-- WORK TO BE COMPLETED --
Reading the records below, find how many lines include the word "user" and give that number alone.

-- ENTRIES PROVIDED --
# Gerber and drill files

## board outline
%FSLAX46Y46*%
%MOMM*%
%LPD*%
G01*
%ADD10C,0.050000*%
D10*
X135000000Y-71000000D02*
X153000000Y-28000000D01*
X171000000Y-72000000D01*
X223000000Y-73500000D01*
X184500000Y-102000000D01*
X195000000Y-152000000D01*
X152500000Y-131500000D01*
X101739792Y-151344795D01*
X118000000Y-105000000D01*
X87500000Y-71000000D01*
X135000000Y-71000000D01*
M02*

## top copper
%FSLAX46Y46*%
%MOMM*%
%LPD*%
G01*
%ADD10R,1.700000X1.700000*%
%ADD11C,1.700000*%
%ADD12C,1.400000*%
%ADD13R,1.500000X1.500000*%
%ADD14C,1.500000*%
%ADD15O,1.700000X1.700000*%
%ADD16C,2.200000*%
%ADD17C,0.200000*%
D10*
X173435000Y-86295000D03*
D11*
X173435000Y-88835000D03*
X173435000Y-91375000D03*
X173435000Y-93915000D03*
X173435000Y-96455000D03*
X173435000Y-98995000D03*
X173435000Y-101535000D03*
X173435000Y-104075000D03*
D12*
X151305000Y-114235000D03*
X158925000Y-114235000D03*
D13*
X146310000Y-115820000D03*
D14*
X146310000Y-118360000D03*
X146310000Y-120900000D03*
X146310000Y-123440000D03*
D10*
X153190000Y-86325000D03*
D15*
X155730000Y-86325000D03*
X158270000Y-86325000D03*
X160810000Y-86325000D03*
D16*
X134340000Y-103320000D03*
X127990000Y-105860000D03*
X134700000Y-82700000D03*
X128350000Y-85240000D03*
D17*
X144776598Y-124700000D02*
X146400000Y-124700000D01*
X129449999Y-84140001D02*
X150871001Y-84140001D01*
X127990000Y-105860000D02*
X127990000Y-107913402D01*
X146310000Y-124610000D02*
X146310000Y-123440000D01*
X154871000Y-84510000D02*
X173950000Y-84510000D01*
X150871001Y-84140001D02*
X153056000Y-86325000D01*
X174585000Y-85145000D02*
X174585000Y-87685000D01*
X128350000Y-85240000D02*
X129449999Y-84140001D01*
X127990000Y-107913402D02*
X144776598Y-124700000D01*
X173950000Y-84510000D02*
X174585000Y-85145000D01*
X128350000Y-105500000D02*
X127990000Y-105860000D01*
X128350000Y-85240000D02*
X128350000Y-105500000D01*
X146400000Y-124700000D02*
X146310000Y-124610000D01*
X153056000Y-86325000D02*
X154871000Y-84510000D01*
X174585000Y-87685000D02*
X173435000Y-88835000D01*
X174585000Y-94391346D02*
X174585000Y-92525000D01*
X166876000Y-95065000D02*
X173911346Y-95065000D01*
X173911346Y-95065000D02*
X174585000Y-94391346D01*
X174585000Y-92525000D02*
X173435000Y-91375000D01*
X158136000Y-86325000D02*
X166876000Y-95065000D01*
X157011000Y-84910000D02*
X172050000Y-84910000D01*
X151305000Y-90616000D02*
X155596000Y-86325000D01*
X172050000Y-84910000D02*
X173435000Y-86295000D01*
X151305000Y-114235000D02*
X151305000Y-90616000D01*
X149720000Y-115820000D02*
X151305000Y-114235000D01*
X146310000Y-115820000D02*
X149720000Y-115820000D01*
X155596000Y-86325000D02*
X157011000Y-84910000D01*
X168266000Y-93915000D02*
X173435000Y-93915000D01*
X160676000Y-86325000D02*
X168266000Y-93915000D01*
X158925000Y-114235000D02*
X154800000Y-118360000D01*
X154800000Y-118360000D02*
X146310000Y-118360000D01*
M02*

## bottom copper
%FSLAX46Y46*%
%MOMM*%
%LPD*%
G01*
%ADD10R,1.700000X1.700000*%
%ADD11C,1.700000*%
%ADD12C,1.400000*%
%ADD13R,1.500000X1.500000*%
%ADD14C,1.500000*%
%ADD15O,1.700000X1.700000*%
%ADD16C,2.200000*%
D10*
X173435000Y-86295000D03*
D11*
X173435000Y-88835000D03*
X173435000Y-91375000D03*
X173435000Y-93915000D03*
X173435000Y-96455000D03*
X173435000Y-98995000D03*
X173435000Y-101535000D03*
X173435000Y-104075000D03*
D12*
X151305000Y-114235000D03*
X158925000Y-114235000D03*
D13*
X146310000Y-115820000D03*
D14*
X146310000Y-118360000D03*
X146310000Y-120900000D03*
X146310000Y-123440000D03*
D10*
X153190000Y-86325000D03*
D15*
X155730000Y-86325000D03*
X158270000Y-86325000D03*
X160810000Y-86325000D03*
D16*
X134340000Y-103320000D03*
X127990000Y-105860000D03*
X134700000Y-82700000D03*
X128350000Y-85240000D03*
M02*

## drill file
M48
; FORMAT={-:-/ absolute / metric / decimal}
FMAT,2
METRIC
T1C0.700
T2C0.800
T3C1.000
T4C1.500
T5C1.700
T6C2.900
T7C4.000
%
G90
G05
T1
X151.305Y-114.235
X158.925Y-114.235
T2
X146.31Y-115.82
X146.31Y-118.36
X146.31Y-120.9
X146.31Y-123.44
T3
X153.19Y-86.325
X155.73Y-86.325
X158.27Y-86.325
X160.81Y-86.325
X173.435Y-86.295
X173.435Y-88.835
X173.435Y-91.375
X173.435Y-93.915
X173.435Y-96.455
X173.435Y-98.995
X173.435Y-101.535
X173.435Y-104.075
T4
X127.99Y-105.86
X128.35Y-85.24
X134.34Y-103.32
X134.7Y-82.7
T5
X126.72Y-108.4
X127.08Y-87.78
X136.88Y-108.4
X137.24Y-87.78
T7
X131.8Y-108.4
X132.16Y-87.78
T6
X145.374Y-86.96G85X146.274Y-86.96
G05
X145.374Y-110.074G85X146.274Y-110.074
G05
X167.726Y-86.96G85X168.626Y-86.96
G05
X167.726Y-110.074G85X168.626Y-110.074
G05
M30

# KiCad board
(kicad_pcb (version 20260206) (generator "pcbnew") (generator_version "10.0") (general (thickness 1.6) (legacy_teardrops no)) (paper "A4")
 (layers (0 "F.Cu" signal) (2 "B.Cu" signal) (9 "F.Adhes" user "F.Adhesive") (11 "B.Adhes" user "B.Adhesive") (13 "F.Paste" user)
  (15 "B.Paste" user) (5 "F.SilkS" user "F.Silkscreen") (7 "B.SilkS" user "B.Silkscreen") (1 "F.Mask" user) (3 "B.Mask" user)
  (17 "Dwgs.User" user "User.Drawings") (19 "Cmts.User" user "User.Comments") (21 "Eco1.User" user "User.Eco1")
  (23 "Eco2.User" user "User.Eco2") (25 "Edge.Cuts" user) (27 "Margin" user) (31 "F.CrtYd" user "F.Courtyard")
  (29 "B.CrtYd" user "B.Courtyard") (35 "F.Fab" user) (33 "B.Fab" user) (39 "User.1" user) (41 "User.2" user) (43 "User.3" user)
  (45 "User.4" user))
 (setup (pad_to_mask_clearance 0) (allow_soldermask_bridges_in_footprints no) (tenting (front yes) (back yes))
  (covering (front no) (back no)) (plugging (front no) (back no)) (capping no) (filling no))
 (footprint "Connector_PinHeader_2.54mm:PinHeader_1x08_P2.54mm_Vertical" (layer "F.Cu") (at 173.435 86.295)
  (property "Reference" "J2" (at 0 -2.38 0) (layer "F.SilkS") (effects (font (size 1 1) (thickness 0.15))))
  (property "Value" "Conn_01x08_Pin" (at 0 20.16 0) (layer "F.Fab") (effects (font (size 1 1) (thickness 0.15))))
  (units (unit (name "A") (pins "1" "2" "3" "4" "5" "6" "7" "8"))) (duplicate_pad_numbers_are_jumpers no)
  (pad "1" thru_hole rect (at 0 0) (size 1.7 1.7) (drill 1) (layers "*.Cu" "*.Mask") (remove_unused_layers no) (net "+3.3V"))
  (pad "2" thru_hole circle (at 0 2.54) (size 1.7 1.7) (drill 1) (layers "*.Cu" "*.Mask") (remove_unused_layers no) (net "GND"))
  (pad "3" thru_hole circle (at 0 5.08) (size 1.7 1.7) (drill 1) (layers "*.Cu" "*.Mask") (remove_unused_layers no) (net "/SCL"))
  (pad "4" thru_hole circle (at 0 7.62) (size 1.7 1.7) (drill 1) (layers "*.Cu" "*.Mask") (remove_unused_layers no) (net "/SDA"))
  (pad "5" thru_hole circle (at 0 10.16) (size 1.7 1.7) (drill 1) (layers "*.Cu" "*.Mask") (remove_unused_layers no)
   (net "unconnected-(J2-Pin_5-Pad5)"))
  (pad "6" thru_hole circle (at 0 12.7) (size 1.7 1.7) (drill 1) (layers "*.Cu" "*.Mask") (remove_unused_layers no)
   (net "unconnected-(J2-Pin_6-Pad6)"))
  (pad "7" thru_hole circle (at 0 15.24) (size 1.7 1.7) (drill 1) (layers "*.Cu" "*.Mask") (remove_unused_layers no)
   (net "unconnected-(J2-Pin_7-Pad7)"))
  (pad "8" thru_hole circle (at 0 17.78) (size 1.7 1.7) (drill 1) (layers "*.Cu" "*.Mask") (remove_unused_layers no)
   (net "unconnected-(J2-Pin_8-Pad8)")))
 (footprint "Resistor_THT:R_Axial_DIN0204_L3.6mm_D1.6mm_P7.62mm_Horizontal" (layer "F.Cu") (at 151.305 114.235)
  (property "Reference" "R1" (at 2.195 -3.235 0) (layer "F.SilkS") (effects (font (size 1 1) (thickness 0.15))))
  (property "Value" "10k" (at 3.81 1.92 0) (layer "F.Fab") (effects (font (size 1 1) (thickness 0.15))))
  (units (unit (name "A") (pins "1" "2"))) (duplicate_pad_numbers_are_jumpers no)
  (pad "1" thru_hole circle (at 0 0) (size 1.4 1.4) (drill 0.7) (layers "*.Cu" "*.Mask") (remove_unused_layers no) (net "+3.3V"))
  (pad "2" thru_hole circle (at 7.62 0) (size 1.4 1.4) (drill 0.7) (layers "*.Cu" "*.Mask") (remove_unused_layers no) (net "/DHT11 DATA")))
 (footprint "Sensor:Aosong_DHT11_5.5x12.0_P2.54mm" (layer "F.Cu") (at 146.31 115.82)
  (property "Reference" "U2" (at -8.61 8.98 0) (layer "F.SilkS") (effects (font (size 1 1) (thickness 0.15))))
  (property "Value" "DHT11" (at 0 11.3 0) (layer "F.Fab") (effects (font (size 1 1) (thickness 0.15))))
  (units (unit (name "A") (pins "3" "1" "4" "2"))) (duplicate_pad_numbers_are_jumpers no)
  (pad "1" thru_hole rect (at 0 0) (size 1.5 1.5) (drill 0.8) (layers "*.Cu" "*.Mask") (remove_unused_layers no) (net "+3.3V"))
  (pad "2" thru_hole circle (at 0 2.54) (size 1.5 1.5) (drill 0.8) (layers "*.Cu" "*.Mask") (remove_unused_layers no) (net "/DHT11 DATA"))
  (pad "3" thru_hole circle (at 0 5.08) (size 1.5 1.5) (drill 0.8) (layers "*.Cu" "*.Mask") (remove_unused_layers no)
   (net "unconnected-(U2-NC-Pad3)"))
  (pad "4" thru_hole circle (at 0 7.62) (size 1.5 1.5) (drill 0.8) (layers "*.Cu" "*.Mask") (remove_unused_layers no) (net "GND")))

-- SOLVED EXERCISE --
6